CourtDistrict Court, N.D. Illinois
DecidedJune 4, 2019
Docket3:15-cv-50294
StatusUnknown

This text of Johnson v. Newton (Johnson v. Newton) is published on Counsel Stack Legal Research, covering District Court, N.D. Illinois primary law. Counsel Stack provides free access to over 12 million legal documents including statutes, case law, regulations, and constitutions.

Bluebook
Johnson v. Newton, (N.D. Ill. 2019).

Opinion

IN THE UNITED STATES DISTRICT COURT FOR THE NORTHERN DISTRICT OF ILLINOIS WESTERN DIVISION

Wesley Johnson, Jr., ) ) Plaintiff, ) ) Case No. 15 CV 50294 v. ) ) Judge Philip G. Reinhard Tracie Newton, et al., ) ) Defendants. )

ORDER

The motion to dismiss filed by defendants Tracie Newton, Brendan Kelly,1 and John Baldwin [78], is reinstated and granted with prejudice. Additionally, the court addresses the parties’ responses to the court’s rule to show cause [104], [111], as set forth below.2 This case is terminated.

STATEMENT- OPINION

Plaintiff Wesley Johnson, Jr. has filed this action against several defendants alleging he was wrongfully and coercively classified as a sex offender in violation of 42 U.S.C. §§ 1983 and 1985(3).

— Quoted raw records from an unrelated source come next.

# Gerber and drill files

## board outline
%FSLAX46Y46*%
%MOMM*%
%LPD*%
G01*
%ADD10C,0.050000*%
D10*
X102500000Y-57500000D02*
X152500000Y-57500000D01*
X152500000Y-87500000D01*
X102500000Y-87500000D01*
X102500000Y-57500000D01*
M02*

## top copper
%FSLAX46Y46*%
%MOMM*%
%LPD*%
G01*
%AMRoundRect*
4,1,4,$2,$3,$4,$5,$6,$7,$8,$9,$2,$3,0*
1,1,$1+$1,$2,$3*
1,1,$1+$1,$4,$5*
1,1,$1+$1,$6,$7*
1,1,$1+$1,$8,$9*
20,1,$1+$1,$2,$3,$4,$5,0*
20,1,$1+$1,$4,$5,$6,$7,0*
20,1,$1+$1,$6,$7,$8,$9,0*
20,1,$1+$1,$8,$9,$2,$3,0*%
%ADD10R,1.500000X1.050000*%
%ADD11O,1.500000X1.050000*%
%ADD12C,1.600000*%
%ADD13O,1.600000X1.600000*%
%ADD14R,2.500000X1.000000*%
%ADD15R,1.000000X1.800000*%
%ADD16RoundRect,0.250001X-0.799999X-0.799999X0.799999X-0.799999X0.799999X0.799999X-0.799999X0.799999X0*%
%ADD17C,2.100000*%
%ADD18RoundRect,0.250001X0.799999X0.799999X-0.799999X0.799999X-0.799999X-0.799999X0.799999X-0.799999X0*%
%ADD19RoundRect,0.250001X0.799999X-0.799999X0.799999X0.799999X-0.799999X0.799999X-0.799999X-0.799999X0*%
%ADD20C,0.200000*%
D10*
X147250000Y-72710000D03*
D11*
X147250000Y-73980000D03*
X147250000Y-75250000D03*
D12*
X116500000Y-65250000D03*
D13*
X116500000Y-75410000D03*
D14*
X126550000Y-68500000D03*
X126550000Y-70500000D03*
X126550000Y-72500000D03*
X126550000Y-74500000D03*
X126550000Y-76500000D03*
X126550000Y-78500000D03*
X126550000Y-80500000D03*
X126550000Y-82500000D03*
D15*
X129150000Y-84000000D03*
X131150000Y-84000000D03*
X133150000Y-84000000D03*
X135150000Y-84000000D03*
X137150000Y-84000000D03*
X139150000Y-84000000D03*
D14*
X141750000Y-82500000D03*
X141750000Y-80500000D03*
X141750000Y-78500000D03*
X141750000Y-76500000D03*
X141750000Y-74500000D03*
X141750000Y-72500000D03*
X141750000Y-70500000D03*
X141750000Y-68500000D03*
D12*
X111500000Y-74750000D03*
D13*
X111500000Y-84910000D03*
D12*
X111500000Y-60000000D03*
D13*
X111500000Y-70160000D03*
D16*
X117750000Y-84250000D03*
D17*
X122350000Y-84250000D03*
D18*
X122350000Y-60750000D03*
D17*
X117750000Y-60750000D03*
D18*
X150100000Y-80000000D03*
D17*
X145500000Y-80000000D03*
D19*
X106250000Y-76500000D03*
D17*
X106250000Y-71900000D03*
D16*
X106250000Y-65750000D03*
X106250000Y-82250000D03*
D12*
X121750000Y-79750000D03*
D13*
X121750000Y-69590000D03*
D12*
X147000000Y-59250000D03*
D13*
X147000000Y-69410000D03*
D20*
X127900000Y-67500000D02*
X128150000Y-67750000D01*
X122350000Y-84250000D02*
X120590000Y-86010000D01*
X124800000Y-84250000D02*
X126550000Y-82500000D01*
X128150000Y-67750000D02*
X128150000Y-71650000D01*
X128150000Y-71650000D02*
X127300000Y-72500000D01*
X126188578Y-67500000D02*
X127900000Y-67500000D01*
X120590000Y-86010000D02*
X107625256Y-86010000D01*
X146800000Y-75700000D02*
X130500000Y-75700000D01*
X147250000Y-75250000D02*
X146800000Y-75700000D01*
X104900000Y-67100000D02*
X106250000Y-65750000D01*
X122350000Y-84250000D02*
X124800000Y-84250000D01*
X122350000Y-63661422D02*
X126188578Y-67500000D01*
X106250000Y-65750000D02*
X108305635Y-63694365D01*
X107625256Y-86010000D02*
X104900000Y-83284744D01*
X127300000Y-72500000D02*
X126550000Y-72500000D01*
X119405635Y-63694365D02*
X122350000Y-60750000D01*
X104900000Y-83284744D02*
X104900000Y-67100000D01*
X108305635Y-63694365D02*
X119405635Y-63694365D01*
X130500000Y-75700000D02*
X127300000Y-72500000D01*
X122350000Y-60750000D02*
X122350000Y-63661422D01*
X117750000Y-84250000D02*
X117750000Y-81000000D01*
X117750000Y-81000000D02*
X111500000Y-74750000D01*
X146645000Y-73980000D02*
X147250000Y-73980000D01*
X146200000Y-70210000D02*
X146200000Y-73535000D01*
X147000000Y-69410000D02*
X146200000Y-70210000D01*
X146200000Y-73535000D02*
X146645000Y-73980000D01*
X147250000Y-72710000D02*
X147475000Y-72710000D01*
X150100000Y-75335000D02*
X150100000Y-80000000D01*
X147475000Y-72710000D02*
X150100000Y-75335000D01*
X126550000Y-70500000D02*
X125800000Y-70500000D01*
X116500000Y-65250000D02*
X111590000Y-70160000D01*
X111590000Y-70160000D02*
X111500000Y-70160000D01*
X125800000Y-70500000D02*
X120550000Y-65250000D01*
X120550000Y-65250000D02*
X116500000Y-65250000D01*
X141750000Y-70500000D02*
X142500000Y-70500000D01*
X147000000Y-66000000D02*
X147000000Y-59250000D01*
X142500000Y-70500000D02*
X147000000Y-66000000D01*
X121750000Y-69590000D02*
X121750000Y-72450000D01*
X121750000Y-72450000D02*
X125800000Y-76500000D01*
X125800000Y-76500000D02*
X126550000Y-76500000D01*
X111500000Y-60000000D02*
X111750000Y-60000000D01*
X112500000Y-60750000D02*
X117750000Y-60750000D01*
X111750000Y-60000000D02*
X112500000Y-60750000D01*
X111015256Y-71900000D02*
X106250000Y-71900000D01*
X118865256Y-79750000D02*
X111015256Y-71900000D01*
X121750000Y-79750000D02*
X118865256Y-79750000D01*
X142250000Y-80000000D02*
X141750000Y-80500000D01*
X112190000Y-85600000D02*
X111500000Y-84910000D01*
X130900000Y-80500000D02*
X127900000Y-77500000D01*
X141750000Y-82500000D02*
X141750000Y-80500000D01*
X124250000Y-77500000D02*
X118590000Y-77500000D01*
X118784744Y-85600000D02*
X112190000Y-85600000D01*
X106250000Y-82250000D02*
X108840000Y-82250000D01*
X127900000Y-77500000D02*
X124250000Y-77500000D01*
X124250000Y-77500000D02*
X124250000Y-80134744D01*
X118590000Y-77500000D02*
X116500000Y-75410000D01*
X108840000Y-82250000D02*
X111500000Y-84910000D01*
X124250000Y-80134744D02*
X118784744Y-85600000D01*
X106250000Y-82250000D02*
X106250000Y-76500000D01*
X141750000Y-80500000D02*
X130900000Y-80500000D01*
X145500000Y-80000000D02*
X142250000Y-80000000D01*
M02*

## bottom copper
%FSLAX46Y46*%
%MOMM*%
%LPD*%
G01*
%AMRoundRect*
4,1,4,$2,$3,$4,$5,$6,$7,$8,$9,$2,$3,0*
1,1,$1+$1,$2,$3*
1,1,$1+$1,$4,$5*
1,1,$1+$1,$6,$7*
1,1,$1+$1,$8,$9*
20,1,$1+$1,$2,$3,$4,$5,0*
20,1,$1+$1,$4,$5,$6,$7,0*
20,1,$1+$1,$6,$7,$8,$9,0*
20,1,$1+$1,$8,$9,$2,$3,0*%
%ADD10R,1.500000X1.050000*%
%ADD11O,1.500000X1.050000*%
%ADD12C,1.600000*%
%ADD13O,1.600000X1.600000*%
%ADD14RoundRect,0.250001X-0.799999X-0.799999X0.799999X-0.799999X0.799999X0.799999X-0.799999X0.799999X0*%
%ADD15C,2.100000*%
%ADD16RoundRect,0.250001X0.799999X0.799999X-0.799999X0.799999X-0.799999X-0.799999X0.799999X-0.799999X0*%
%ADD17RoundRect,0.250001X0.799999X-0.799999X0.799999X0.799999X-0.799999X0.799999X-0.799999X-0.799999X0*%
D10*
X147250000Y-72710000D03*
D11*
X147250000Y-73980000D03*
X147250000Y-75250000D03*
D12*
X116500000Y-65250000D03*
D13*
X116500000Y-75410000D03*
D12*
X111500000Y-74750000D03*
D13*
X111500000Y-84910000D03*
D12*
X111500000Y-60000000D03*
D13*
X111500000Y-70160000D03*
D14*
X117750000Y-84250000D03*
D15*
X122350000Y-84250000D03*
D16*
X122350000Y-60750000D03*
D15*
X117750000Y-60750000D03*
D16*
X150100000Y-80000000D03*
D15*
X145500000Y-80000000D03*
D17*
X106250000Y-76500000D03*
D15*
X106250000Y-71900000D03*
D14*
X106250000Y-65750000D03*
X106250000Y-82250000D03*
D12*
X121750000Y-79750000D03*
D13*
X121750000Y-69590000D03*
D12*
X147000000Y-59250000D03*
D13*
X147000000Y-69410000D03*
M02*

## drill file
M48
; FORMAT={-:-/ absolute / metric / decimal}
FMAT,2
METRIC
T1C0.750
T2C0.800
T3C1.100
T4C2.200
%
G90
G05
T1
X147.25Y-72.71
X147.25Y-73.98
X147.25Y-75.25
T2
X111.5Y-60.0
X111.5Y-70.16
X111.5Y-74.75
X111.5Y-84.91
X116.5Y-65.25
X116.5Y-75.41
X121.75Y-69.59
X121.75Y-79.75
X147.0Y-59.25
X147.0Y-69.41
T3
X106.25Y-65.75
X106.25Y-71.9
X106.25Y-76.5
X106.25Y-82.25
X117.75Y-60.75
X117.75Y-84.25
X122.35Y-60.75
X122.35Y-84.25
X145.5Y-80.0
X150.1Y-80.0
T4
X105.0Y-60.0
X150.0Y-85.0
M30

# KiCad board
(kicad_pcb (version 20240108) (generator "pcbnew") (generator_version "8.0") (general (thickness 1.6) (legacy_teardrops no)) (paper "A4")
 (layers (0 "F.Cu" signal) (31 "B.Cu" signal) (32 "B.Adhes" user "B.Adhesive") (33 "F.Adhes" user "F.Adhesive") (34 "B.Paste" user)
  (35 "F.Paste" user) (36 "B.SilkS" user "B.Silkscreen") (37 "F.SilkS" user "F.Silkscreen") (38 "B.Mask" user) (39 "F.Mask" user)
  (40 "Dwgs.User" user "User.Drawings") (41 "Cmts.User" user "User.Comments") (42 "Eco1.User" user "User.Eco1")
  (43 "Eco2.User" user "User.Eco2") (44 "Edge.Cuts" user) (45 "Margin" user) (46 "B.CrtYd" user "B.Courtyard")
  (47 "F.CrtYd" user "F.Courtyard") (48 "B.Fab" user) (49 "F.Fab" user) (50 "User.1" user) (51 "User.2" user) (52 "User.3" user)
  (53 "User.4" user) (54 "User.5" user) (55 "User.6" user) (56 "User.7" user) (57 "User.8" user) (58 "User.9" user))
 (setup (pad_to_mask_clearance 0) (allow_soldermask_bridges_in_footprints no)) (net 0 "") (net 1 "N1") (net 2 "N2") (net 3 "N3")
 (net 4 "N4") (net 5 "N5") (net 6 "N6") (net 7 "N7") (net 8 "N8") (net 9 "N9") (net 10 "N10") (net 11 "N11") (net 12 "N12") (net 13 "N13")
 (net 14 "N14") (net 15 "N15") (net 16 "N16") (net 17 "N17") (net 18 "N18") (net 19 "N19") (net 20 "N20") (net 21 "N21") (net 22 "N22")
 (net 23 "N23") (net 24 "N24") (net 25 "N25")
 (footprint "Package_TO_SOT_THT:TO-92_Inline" (layer "F.Cu") (at 147.25 72.71 -90)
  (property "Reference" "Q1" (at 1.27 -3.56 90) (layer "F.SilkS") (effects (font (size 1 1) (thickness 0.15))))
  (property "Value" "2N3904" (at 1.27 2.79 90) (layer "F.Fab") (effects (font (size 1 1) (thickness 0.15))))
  (pad "1" thru_hole rect (at 0 0 270) (size 1.05 1.5) (drill 0.75) (layers "*.Cu" "*.Mask") (remove_unused_layers no) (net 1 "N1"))
  (pad "2" thru_hole oval (at 1.27 0 270) (size 1.05 1.5) (drill 0.75) (layers "*.Cu" "*.Mask") (remove_unused_layers no) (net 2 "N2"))
  (pad "3" thru_hole oval (at 2.54 0 270) (size 1.05 1.5) (drill 0.75) (layers "*.Cu" "*.Mask") (remove_unused_layers no) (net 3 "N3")))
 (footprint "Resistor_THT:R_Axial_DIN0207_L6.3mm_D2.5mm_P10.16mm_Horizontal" (layer "F.Cu") (at 116.5 65.25 -90)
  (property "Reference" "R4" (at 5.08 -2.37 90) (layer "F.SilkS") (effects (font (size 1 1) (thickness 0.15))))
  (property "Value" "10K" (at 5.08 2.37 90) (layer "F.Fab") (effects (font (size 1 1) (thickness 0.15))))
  (pad "1" thru_hole circle (at 0 0 270) (size 1.6 1.6) (drill 0.8) (layers "*.Cu" "*.Mask") (remove_unused_layers no) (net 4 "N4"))
  (pad "2" thru_hole oval (at 10.16 0 270) (size 1.6 1.6) (drill 0.8) (layers "*.Cu" "*.Mask") (remove_unused_layers no) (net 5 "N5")))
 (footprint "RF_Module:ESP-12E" (layer "F.Cu") (at 134.15 72)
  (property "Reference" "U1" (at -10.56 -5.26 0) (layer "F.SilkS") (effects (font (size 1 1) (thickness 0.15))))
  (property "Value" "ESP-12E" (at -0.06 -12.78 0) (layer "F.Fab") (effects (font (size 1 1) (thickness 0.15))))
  (pad "1" smd rect (at -7.6 -3.5) (size 2.5 1) (layers "F.Cu" "F.Paste" "F.Mask") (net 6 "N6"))
  (pad "2" smd rect (at -7.6 -1.5) (size 2.5 1) (layers "F.Cu" "F.Paste" "F.Mask") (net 4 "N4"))
  (pad "3" smd rect (at -7.6 0.5) (size 2.5 1) (layers "F.Cu" "F.Paste" "F.Mask") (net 3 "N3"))
  (pad "4" smd rect (at -7.6 2.5) (size 2.5 1) (layers "F.Cu" "F.Paste" "F.Mask") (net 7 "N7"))
  (pad "5" smd rect (at -7.6 4.5) (size 2.5 1) (layers "F.Cu" "F.Paste" "F.Mask") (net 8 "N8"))
  (pad "6" smd rect (at -7.6 6.5) (size 2.5 1) (layers "F.Cu" "F.Paste" "F.Mask") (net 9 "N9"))
  (pad "7" smd rect (at -7.6 8.5) (size 2.5 1) (layers "F.Cu" "F.Paste" "F.Mask") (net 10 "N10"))
  (pad "8" smd rect (at -7.6 10.5) (size 2.5 1) (layers "F.Cu" "F.Paste" "F.Mask") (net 3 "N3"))
  (pad "9" smd rect (at -5 12) (size 1 1.8) (layers "F.Cu" "F.Paste" "F.Mask") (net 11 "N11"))
  (pad "10" smd rect (at -3 12) (size 1 1.8) (layers "F.Cu" "F.Paste" "F.Mask") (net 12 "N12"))
  (pad "11" smd rect (at -1 12) (size 1 1.8) (layers "F.Cu" "F.Paste" "F.Mask") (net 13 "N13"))
  (pad "12" smd rect (at 1 12) (size 1 1.8) (layers "F.Cu" "F.Paste" "F.Mask") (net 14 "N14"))
  (pad "13" smd rect (at 3 12) (size 1 1.8) (layers "F.Cu" "F.Paste" "F.Mask") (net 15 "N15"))
  (pad "14" smd rect (at 5 12) (size 1 1.8) (layers "F.Cu" "F.Paste" "F.Mask") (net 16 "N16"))
  (pad "15" smd rect (at 7.6 10.5) (size 2.5 1) (layers "F.Cu" "F.Paste" "F.Mask") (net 5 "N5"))
  (pad "16" smd rect (at 7.6 8.5) (size 2.5 1) (layers "F.Cu" "F.Paste" "F.Mask") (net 5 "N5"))
  (pad "17" smd rect (at 7.6 6.5) (size 2.5 1) (layers "F.Cu" "F.Paste" "F.Mask") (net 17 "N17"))
  (pad "18" smd rect (at 7.6 4.5) (size 2.5 1) (layers "F.Cu" "F.Paste" "F.Mask") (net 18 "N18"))
  (pad "19" smd rect (at 7.6 2.5) (size 2.5 1) (layers "F.Cu" "F.Paste" "F.Mask") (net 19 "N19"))
  (pad "20" smd rect (at 7.6 0.5) (size 2.5 1) (layers "F.Cu" "F.Paste" "F.Mask") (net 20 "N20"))
  (pad "21" smd rect (at 7.6 -1.5) (size 2.5 1) (layers "F.Cu" "F.Paste" "F.Mask") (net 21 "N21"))
  (pad "22" smd rect (at 7.6 -3.5) (size 2.5 1) (layers "F.Cu" "F.Paste" "F.Mask") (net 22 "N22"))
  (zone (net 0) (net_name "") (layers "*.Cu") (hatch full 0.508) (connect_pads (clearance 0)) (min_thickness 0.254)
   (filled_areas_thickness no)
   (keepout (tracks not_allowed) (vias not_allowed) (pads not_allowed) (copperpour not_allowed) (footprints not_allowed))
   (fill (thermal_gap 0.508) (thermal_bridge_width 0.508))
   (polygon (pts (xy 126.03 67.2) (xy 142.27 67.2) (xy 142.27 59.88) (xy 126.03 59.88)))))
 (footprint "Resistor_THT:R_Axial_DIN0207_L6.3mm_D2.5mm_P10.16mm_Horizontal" (layer "F.Cu") (at 111.5 74.75 -90)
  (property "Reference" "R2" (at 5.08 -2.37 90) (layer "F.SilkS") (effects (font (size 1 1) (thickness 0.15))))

In plaintiff’s third amended complaint, plaintiff alleges that following a conviction for home invasion and unlawful restraint in 2004, he was ordered upon his release from custody to register as a sex offender and as a violent offender against youth, contrary to state law. In 2010, plaintiff was convicted of failing to register his home address in violation of the registration statutes and was sentenced to 24 months’ incarceration. Plaintiff further alleges in 2013 the Winnebago County Circuit Court entered an order declaring plaintiff was not required to register under either statute. In 2013 and 2015, plaintiff received correspondence from the Illinois State Police advising him he was not required to register with the sex offender registry and his name had been removed. Shortly after plaintiff received the 2015 letter from the Illinois State Police, plaintiff received a letter from the Illinois Attorney General’s Office stating he was required to register pursuant to both statutes.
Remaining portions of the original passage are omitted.